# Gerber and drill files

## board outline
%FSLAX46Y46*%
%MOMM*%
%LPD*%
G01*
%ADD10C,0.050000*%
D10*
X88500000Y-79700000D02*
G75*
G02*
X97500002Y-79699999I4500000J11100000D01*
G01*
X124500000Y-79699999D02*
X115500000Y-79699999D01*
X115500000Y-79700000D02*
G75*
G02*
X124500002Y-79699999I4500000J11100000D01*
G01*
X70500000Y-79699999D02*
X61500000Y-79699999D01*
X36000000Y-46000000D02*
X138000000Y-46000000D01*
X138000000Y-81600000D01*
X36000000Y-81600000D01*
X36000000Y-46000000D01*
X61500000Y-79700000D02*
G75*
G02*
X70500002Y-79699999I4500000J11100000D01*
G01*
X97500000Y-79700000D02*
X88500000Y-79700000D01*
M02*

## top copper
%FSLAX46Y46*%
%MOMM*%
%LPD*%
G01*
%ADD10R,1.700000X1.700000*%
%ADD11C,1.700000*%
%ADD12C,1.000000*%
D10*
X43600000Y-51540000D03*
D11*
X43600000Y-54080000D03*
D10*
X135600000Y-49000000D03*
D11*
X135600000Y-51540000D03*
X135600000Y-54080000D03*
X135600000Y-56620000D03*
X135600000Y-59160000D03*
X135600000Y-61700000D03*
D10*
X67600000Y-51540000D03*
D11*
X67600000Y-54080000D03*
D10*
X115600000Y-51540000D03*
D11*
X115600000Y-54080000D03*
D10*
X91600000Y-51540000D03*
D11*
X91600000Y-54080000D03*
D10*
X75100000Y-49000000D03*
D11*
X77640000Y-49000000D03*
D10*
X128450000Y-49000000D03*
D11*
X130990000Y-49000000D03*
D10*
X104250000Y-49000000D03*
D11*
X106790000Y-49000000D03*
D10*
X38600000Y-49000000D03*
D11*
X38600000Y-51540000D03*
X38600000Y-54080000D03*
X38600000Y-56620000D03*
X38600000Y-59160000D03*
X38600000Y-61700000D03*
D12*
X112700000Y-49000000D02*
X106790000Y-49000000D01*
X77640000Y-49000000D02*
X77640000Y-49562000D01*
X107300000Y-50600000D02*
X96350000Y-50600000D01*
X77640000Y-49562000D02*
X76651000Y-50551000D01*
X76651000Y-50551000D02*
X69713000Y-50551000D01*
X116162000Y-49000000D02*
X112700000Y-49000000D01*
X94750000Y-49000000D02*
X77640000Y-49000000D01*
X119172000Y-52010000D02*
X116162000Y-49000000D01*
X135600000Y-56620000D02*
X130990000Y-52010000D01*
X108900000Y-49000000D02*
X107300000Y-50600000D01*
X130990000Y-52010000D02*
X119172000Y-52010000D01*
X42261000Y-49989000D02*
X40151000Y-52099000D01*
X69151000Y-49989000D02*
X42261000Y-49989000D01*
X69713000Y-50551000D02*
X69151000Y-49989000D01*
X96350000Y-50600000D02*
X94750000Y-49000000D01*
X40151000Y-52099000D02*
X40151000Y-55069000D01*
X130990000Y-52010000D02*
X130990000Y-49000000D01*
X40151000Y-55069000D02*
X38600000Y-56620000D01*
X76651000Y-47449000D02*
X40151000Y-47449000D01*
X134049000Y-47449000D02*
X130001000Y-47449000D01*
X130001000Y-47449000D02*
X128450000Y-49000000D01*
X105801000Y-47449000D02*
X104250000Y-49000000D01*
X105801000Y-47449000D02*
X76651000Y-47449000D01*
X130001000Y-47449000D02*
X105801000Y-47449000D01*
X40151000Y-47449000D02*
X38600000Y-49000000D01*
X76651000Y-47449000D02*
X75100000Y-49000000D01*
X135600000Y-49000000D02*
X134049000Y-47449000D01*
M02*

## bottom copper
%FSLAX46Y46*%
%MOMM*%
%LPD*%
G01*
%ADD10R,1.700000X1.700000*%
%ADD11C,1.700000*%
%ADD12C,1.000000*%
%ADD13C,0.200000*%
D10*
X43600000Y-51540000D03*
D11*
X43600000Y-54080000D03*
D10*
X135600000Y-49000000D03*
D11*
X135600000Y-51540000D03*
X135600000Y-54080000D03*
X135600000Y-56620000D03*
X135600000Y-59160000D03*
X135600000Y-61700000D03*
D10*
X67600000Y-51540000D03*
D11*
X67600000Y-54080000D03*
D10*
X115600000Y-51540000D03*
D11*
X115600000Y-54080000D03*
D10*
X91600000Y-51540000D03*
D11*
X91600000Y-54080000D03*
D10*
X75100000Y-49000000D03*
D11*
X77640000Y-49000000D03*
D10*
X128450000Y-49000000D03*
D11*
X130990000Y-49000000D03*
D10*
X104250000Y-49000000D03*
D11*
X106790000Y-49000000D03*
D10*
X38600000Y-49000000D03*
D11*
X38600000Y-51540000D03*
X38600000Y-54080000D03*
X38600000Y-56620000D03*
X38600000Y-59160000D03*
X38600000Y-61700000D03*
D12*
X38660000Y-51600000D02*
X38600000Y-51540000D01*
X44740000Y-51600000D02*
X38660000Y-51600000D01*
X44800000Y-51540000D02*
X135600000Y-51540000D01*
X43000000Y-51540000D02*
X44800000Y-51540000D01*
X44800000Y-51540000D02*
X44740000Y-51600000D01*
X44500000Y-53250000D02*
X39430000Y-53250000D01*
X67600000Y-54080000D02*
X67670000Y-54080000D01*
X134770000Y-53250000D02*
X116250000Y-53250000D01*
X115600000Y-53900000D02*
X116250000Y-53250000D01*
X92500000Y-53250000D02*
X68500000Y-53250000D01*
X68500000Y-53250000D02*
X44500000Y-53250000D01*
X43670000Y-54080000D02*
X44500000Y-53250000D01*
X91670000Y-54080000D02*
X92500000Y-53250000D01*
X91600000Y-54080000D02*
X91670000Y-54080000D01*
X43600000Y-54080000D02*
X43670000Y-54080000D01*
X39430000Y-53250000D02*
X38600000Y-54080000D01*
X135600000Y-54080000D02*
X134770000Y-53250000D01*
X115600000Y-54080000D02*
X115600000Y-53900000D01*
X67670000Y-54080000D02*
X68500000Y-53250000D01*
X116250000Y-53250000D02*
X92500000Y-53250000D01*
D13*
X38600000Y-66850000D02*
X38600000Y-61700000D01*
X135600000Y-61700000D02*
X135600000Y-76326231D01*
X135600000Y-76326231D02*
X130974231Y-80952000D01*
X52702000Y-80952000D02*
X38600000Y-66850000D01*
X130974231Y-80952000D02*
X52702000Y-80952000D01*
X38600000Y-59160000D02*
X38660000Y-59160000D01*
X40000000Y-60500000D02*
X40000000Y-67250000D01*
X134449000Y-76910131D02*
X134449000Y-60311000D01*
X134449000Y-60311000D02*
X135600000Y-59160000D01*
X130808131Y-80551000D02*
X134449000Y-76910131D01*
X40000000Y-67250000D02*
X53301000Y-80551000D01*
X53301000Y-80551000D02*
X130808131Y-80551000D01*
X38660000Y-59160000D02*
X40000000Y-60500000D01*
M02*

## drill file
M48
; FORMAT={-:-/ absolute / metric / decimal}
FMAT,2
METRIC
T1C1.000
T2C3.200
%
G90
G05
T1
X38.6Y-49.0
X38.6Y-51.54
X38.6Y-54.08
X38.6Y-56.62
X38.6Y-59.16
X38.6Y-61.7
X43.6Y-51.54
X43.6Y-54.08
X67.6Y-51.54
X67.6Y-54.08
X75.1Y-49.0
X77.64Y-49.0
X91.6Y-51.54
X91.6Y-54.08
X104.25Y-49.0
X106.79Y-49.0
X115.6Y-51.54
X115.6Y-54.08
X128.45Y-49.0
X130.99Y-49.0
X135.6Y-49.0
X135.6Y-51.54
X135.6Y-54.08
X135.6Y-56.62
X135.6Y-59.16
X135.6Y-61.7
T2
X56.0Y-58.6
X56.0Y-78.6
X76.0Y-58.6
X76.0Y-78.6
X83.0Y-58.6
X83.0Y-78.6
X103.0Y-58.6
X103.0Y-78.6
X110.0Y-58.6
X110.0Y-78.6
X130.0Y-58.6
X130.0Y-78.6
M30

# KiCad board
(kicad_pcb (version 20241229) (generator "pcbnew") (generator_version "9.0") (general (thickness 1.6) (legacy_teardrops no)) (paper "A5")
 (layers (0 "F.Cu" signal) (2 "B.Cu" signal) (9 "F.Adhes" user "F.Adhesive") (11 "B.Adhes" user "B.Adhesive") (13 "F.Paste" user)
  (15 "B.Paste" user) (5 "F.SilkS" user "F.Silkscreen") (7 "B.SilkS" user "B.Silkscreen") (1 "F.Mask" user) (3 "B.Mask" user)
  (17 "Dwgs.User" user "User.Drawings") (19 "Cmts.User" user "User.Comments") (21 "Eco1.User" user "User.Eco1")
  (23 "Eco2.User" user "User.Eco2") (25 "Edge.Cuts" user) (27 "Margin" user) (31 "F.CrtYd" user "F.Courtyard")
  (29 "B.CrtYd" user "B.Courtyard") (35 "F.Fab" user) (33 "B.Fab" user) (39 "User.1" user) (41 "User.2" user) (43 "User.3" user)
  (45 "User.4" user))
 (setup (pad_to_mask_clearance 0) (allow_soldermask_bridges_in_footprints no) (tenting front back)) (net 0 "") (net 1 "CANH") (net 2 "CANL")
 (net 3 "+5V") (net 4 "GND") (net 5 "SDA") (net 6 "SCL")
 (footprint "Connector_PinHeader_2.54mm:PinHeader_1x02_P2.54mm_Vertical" (layer "F.Cu") (at 43.6 51.54)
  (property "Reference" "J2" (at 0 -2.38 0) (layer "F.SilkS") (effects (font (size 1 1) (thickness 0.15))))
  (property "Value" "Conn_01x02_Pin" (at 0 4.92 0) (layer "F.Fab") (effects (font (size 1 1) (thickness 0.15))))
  (pad "1" thru_hole rect (at 0 0) (size 1.7 1.7) (drill 1) (layers "*.Cu" "*.Mask") (remove_unused_layers no) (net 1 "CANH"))
  (pad "2" thru_hole circle (at 0 2.54) (size 1.7 1.7) (drill 1) (layers "*.Cu" "*.Mask") (remove_unused_layers no) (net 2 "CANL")))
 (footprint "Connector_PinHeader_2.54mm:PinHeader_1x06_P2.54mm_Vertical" (layer "F.Cu") (at 135.6 49)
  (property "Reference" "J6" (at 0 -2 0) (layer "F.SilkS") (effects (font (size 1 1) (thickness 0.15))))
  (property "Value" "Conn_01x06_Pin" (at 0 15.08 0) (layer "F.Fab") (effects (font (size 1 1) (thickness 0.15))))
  (pad "1" thru_hole rect (at 0 0) (size 1.7 1.7) (drill 1) (layers "*.Cu" "*.Mask") (remove_unused_layers no) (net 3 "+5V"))
  (pad "2" thru_hole circle (at 0 2.54) (size 1.7 1.7) (drill 1) (layers "*.Cu" "*.Mask") (remove_unused_layers no) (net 1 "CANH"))
  (pad "3" thru_hole circle (at 0 5.08) (size 1.7 1.7) (drill 1) (layers "*.Cu" "*.Mask") (remove_unused_layers no) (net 2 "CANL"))
  (pad "4" thru_hole circle (at 0 7.62) (size 1.7 1.7) (drill 1) (layers "*.Cu" "*.Mask") (remove_unused_layers no) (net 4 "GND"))
  (pad "5" thru_hole circle (at 0 10.16) (size 1.7 1.7) (drill 1) (layers "*.Cu" "*.Mask") (remove_unused_layers no) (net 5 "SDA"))
  (pad "6" thru_hole circle (at 0 12.7) (size 1.7 1.7) (drill 1) (layers "*.Cu" "*.Mask") (remove_unused_layers no) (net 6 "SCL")))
====================
Using the records above, select and copy every line that has the word "Paste".

 (layers (0 "F.Cu" signal) (2 "B.Cu" signal) (9 "F.Adhes" user "F.Adhesive") (11 "B.Adhes" user "B.Adhesive") (13 "F.Paste" user)
  (15 "B.Paste" user) (5 "F.SilkS" user "F.Silkscreen") (7 "B.SilkS" user "B.Silkscreen") (1 "F.Mask" user) (3 "B.Mask" user)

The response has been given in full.